Letícia e estudantes como ela motivaram um estudo recente realizado pela Endeavor, uma ONG multinacional de incentivo ao empreendedorismo, e pelo Sebrae. A pesquisa ouviu mais de 2 mil alunos e 680 professores em 70 instituições de ensino. Concluiu que faltam, nas universidades brasileiras, infraestrutura e conteúdo que capacitem jovens dispostos a criar seus próprios negócios. Para chegar à conclusão, as duas instituições elencaram quais seriam as boas práticas de uma “universidade empreendedora”, como disciplinas práticas, contato com ex-alunos que empreenderam e com potenciais investidores. O estudo mostrou que apenas 35% dos estudantes brasileiros se dizem satisfeitos com o que as universidades oferecem. Já entre os professores, 65% consideram a estrutura satisfatória – um descompasso evidente. Como uma das consequências, a universidade não é a referência para esses jovens. Assim como Letícia, 76% dos estudantes que empreendem encontram na família, e não na faculdade, a conversa útil aos negócios. A reclamação geral é que os cursos têm muita teoria e pouca prática. Pior: oferecem muita motivação e pouca orientação concreta, como estudos de casos e informação financeira e jurídica.

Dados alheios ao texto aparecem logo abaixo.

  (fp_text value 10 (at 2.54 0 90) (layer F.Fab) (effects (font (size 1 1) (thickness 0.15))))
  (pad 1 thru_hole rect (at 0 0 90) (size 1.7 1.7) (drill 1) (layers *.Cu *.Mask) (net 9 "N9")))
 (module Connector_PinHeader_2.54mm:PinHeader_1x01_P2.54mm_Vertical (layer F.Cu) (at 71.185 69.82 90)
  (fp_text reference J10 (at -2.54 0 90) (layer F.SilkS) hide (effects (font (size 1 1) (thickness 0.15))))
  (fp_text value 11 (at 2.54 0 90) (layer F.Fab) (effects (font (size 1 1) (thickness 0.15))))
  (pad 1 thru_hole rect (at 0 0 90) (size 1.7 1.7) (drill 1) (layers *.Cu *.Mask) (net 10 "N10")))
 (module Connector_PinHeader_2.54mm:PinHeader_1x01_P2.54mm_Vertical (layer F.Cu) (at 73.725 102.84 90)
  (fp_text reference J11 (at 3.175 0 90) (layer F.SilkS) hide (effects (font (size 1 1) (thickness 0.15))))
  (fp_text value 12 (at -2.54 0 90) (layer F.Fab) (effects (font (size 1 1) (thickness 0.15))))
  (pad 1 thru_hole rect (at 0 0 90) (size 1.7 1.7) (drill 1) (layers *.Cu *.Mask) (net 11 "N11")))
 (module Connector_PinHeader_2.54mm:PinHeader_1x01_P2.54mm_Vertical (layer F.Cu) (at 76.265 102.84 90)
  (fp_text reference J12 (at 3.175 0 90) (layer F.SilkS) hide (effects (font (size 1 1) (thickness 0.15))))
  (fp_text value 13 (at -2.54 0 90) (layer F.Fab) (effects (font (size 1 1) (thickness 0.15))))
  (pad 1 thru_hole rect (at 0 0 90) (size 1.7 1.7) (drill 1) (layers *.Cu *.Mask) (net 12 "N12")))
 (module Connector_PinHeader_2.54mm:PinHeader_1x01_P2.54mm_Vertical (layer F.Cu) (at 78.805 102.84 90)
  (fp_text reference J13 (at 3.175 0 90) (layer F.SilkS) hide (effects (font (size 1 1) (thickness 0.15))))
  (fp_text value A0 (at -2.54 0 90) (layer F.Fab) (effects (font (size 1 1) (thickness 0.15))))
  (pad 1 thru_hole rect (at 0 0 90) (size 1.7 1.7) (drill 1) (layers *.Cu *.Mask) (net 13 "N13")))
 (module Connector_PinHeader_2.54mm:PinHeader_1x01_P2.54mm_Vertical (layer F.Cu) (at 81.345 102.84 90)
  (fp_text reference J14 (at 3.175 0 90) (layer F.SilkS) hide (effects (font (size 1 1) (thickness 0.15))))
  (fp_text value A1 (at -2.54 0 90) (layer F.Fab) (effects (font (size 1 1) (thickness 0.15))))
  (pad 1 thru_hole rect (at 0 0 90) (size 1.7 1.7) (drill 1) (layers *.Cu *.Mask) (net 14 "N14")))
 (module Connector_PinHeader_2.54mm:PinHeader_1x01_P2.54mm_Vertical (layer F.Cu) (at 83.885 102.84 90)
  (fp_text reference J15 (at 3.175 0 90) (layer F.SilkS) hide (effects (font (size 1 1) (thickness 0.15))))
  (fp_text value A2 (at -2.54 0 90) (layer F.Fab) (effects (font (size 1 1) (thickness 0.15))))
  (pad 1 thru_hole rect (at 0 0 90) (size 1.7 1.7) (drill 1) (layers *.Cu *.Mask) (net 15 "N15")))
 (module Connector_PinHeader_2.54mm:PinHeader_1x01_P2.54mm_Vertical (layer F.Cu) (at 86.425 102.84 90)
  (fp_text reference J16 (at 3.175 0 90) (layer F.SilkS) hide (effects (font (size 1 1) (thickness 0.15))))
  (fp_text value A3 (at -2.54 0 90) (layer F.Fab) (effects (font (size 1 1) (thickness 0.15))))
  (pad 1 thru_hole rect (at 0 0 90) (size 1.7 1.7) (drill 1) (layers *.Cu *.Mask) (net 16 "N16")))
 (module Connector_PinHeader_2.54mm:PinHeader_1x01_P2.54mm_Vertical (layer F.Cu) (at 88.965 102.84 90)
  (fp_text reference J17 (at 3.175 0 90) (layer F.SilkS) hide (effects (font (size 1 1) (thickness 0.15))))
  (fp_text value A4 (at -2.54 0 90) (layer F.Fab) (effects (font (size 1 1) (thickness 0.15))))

A Endeavor defende que a universidade ambicione se tornar o núcleo de um ecossistema salutar de empreendedorismo inovador. Por agregar conhecimento e oferecer tempo e espaço para experiências, a universidade tem vocação para gerar negócios de alto impacto econômico e social, diferentemente daqueles voltados apenas ao autossustento ou sem proposta inovadora. O exemplo usado no estudo é do Instituto de Tecnologia de Massachusetts, o MIT. Em 2014, havia nos Estados Unidos 30 mil empresas ativas fundadas por ex-alunos da universidade, ao longo das últimas décadas. Na época em que o levantamento foi feito, elas empregavam 4,6 milhões de pessoas. Nesse meio-tempo, a universidade também foi responsável por uma produção de ciência básica invejável e formação de profissionais de alta qualificação técnica, que foram ao mercado disputar salários em vez de criar negócios próprios. Desse modo, enfatizar o empreendedorismo não desvirtuou as outras qualidades da universidade. “O ensino está desconectado da realidade, o que dificulta o nascimento de ideias”, diz Juliano Seabra, presidente geral da Endeavor. “Impossível falar de inovação em um sistema que só olha para dentro”, diz.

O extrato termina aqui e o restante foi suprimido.